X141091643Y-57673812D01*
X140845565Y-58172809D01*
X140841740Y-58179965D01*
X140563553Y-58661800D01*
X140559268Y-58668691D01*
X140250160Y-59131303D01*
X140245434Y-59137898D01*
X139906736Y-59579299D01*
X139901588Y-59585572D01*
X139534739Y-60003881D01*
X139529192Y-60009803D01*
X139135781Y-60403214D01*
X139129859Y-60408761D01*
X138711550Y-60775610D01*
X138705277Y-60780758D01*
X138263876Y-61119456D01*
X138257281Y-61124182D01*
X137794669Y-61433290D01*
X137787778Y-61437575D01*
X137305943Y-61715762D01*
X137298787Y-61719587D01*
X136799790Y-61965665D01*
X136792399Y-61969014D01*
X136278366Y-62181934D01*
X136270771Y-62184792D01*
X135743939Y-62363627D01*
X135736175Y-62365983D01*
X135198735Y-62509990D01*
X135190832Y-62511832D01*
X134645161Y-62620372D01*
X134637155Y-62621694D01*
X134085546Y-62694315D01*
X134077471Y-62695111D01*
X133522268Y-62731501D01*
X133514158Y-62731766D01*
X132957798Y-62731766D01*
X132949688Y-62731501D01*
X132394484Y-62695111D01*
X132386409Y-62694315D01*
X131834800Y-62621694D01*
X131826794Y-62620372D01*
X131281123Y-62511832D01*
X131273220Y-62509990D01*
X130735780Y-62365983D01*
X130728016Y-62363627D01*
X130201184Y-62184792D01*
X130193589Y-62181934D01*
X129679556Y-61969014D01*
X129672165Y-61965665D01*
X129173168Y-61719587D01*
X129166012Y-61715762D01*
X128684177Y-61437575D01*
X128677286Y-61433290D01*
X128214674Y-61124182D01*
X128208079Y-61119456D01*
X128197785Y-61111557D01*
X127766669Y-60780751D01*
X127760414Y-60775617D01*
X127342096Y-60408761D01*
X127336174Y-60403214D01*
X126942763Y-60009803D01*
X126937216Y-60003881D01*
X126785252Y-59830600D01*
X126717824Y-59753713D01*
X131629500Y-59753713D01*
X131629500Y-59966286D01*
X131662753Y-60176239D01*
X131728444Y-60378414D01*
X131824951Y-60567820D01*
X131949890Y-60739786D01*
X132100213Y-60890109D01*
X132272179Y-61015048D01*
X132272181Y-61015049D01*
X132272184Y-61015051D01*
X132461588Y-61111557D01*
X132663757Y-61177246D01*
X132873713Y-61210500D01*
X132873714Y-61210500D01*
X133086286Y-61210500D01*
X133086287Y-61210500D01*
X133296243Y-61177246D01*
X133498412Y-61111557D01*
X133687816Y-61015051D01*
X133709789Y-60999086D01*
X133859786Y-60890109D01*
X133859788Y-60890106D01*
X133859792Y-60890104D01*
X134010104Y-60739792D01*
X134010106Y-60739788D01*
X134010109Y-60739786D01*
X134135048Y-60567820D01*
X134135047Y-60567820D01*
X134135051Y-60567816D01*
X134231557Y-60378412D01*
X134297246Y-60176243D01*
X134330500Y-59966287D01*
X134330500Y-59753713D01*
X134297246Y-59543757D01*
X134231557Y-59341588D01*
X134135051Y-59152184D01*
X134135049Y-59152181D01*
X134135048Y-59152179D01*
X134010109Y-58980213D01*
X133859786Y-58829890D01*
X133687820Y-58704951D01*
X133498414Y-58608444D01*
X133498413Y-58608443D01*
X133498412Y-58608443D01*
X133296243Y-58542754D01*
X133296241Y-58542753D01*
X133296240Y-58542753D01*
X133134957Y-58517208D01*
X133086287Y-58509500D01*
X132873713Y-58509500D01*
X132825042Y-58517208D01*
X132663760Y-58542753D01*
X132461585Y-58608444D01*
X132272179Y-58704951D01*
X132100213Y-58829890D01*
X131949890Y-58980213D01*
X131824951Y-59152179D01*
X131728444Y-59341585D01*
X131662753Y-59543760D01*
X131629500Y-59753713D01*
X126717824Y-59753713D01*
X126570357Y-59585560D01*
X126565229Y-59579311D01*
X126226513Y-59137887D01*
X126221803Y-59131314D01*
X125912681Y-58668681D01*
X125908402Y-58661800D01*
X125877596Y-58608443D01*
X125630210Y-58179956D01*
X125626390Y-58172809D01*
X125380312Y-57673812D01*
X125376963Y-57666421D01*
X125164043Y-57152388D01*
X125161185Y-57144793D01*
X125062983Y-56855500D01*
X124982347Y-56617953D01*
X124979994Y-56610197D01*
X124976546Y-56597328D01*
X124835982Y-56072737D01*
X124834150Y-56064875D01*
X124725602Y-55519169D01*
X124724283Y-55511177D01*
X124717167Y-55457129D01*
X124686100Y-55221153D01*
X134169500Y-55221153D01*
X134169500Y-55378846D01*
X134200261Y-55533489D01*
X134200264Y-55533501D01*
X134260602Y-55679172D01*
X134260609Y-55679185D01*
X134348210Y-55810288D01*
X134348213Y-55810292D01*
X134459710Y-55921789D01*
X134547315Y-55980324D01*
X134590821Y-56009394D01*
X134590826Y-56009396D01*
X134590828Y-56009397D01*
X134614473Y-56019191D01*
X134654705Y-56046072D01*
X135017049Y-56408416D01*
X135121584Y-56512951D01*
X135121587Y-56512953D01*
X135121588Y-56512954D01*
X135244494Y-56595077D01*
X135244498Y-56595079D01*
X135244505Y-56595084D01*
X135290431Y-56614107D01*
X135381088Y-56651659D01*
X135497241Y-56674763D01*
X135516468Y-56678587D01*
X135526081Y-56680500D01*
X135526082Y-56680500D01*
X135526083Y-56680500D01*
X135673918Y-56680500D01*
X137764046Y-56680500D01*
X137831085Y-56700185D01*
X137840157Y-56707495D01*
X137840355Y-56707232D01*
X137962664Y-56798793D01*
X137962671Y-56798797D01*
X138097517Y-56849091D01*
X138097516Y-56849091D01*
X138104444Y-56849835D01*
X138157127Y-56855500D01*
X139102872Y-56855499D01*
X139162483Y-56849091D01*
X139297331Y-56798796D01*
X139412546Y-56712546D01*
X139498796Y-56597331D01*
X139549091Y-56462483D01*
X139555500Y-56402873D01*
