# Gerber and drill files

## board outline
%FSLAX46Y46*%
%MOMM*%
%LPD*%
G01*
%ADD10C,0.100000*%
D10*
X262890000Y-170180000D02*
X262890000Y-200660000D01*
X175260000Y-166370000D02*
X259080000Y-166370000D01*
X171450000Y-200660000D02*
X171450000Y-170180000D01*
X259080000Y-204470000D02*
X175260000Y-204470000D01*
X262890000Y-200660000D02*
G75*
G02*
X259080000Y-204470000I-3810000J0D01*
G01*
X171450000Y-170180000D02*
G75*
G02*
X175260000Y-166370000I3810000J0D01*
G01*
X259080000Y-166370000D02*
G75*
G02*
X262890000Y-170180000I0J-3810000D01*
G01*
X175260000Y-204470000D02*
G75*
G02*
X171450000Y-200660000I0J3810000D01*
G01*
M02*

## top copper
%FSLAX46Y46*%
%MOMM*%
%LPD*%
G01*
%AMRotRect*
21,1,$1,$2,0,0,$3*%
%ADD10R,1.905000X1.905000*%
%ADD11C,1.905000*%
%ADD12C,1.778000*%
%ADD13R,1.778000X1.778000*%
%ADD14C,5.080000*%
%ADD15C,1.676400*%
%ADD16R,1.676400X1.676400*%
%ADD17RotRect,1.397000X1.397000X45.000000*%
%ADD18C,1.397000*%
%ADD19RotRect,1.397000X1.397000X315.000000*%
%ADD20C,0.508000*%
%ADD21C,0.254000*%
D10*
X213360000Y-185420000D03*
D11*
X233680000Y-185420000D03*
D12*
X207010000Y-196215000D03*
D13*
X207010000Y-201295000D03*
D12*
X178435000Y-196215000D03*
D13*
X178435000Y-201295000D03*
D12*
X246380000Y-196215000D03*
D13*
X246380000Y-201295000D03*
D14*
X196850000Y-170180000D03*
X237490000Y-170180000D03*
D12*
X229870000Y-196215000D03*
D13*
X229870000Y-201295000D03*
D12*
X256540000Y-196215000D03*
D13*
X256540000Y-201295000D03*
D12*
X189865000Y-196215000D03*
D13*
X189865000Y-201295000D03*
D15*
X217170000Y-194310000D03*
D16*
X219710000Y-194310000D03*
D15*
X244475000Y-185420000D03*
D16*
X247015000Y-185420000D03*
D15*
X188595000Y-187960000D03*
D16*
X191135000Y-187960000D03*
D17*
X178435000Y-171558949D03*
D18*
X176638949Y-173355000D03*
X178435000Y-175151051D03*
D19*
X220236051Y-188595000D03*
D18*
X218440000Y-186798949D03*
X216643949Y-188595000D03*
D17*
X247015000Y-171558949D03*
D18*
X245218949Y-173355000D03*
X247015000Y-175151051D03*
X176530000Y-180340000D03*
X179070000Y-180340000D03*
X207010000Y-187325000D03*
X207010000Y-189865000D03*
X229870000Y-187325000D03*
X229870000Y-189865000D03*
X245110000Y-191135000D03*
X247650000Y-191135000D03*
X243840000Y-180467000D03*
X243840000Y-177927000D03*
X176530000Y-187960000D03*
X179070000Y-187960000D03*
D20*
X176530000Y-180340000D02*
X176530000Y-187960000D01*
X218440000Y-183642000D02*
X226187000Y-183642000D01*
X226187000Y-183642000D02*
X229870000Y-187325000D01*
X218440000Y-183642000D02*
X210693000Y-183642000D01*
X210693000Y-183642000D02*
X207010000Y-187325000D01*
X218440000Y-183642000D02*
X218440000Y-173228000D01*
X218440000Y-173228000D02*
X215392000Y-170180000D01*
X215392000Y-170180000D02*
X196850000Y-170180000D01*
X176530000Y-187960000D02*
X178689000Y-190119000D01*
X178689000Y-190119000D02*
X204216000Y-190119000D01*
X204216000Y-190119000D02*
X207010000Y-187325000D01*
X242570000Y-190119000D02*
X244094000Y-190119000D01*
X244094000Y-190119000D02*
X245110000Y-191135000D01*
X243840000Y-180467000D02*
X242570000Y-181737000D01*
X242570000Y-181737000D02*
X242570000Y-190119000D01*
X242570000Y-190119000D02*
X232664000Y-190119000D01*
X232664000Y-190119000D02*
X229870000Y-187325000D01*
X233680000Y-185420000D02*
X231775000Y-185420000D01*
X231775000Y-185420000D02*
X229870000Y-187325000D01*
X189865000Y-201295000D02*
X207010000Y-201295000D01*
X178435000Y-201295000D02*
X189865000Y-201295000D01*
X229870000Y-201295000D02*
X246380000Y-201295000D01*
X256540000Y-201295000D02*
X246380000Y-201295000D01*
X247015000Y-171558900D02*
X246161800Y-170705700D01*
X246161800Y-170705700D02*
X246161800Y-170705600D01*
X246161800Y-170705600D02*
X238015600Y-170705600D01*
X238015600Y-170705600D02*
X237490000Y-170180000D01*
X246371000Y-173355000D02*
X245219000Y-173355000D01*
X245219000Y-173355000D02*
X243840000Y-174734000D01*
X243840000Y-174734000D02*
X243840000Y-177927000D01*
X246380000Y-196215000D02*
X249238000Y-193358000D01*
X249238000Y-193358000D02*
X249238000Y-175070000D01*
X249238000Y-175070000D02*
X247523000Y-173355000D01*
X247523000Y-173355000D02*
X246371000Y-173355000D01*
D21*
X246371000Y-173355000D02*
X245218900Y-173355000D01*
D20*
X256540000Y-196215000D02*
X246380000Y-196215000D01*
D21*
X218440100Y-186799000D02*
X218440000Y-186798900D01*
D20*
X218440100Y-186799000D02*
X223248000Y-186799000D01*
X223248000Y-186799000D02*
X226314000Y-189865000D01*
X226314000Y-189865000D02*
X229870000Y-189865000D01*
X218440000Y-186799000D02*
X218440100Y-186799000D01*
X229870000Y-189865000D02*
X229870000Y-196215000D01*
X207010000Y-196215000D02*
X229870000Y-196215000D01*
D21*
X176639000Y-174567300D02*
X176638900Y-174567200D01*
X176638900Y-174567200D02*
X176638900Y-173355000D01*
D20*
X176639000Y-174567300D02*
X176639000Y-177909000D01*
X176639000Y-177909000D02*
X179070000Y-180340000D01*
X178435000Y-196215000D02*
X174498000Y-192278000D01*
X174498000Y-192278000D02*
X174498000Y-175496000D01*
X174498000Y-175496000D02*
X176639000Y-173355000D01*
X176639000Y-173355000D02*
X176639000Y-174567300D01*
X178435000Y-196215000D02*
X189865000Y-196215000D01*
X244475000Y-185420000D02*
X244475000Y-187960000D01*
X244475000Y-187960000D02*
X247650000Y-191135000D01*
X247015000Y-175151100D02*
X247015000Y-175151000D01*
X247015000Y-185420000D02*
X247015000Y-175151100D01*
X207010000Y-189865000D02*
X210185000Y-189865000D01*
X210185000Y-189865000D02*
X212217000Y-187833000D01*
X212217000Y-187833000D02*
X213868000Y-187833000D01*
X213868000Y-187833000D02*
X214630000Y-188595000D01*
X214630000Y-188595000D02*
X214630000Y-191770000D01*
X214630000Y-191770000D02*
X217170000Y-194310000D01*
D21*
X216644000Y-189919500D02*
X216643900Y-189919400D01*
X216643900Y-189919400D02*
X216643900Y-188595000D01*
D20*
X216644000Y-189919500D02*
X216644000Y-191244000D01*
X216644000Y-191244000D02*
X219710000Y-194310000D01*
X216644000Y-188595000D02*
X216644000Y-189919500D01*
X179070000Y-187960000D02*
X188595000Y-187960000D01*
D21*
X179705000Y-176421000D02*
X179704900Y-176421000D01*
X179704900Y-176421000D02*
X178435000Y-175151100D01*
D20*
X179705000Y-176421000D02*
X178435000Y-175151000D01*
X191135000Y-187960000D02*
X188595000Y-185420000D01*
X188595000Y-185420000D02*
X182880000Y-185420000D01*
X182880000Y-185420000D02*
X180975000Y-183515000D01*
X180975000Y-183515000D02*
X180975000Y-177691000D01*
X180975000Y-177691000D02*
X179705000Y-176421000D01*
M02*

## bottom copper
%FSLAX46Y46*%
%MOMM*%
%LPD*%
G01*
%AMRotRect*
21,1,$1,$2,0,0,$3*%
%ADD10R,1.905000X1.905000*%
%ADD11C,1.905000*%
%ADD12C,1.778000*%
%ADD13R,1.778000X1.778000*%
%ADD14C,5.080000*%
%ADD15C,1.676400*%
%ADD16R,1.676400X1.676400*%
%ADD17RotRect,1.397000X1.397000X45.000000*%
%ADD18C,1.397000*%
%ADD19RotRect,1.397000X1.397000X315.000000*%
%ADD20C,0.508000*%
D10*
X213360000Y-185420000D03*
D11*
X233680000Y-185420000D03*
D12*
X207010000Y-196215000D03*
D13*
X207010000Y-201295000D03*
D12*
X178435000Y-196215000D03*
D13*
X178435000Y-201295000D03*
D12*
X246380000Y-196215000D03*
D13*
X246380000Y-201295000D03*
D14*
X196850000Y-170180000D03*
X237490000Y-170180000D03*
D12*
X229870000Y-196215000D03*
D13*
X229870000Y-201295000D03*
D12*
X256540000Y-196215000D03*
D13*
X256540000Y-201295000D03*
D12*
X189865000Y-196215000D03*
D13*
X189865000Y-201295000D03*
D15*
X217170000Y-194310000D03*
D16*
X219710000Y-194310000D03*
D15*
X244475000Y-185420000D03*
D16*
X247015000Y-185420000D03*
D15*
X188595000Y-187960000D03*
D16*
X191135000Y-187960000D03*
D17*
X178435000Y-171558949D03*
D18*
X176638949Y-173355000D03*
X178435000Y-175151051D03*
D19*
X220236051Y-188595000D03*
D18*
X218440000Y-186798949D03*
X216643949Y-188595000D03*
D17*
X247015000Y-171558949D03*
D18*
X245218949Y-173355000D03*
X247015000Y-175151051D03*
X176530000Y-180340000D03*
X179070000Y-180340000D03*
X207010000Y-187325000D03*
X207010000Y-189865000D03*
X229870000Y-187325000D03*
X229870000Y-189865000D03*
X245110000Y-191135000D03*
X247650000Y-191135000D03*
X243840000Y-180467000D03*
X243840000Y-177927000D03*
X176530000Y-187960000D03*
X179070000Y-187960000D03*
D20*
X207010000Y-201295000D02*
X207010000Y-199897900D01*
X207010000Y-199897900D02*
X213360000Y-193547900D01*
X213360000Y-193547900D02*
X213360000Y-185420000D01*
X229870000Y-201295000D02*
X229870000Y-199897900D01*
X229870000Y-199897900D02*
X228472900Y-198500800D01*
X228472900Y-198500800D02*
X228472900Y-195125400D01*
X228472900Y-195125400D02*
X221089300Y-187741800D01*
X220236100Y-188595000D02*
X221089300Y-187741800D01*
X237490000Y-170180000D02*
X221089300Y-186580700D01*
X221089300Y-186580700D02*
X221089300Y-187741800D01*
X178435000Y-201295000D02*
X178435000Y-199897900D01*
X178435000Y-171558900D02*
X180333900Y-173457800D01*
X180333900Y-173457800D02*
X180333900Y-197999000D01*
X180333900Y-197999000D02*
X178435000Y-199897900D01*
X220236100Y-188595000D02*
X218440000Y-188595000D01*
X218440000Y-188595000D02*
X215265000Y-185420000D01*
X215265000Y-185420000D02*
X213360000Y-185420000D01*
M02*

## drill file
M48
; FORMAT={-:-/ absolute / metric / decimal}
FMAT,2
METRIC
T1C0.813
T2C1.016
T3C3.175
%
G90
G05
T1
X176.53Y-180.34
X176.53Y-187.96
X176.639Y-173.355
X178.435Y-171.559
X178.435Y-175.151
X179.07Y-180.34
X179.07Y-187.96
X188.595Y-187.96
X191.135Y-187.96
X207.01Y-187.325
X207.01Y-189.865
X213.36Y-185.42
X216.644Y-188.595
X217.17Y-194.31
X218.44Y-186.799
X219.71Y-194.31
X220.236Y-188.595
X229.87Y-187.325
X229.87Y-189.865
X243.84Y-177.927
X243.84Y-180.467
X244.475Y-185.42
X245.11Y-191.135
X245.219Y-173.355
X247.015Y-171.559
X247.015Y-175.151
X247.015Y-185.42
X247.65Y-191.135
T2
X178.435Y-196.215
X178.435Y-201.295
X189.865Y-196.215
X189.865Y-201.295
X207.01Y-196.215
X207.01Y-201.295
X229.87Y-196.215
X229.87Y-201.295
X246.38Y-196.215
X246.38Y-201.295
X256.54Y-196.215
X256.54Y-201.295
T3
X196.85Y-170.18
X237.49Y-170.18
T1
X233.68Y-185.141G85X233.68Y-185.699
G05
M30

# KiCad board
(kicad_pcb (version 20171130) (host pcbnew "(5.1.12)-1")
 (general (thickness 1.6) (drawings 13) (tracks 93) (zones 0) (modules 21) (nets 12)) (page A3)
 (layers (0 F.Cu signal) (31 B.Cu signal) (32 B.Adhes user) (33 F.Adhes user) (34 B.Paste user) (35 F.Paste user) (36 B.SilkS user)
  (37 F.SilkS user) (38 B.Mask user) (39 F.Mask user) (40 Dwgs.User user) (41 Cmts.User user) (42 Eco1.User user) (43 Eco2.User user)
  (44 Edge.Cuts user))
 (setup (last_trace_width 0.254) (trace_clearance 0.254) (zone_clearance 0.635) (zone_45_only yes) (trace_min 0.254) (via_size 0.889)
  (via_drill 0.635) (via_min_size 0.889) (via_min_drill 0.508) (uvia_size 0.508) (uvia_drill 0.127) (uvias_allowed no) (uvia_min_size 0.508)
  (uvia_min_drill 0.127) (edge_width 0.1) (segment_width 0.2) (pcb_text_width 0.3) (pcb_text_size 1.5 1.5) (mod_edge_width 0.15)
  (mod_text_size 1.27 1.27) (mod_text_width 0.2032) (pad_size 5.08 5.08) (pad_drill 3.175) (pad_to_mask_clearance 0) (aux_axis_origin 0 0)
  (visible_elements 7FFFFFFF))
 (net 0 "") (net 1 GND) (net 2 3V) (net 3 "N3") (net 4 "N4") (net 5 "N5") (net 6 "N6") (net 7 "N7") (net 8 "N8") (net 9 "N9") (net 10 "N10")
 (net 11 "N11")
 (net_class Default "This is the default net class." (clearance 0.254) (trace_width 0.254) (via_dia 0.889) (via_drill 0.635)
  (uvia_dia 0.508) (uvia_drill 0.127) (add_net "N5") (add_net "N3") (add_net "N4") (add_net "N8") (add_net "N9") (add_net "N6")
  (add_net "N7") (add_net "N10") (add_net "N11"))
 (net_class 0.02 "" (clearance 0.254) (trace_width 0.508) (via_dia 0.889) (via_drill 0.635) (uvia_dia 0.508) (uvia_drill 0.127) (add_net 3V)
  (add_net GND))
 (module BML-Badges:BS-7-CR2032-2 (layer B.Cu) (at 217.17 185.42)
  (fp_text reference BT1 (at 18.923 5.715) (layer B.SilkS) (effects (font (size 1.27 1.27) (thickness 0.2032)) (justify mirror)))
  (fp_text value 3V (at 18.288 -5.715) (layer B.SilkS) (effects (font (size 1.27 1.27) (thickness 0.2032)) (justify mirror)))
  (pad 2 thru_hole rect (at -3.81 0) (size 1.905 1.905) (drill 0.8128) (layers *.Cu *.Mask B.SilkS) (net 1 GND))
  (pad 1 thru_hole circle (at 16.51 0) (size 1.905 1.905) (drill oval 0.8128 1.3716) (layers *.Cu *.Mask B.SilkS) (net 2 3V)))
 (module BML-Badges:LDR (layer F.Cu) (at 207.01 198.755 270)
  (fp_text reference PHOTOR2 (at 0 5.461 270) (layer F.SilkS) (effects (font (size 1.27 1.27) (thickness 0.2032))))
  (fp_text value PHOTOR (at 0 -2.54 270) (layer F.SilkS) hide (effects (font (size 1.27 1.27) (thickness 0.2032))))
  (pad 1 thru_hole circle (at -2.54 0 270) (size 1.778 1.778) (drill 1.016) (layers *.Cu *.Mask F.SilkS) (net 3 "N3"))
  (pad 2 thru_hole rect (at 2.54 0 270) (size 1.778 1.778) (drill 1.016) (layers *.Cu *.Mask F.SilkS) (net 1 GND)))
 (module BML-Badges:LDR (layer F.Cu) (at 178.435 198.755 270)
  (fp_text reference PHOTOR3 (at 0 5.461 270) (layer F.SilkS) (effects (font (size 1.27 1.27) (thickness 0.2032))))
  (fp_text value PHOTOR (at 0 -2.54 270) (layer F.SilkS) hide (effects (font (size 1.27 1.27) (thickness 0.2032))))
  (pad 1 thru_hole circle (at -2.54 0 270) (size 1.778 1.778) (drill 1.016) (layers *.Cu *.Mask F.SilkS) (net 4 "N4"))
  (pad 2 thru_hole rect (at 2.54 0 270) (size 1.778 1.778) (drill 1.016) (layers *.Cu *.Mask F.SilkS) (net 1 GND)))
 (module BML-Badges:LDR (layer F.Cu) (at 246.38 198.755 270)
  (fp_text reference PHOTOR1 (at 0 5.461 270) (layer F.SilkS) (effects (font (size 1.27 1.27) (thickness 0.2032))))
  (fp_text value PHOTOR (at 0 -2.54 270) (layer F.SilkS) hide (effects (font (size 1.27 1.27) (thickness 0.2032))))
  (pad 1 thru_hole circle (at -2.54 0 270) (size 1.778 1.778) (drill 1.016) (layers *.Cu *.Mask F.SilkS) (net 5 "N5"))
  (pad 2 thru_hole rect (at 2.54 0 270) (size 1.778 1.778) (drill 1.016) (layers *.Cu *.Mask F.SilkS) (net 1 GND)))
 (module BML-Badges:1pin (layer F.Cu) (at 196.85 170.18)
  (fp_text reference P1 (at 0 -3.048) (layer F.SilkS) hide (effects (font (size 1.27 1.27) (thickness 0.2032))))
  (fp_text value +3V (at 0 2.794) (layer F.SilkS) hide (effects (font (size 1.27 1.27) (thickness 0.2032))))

========================

*Task directions:* Would you print, exactly as written, every line above from the one holding "X134077471Y-62695111D01*" through the one holding "X130735780Y-62365983D01*", with both included and no other lines?

*Your response:*
X134077471Y-62695111D01*
X133522268Y-62731501D01*
X133514158Y-62731766D01*
X132957798Y-62731766D01*
X132949688Y-62731501D01*
X132394484Y-62695111D01*
X132386409Y-62694315D01*
X131834800Y-62621694D01*
X131826794Y-62620372D01*
X131281123Y-62511832D01*
X131273220Y-62509990D01*
X130735780Y-62365983D01*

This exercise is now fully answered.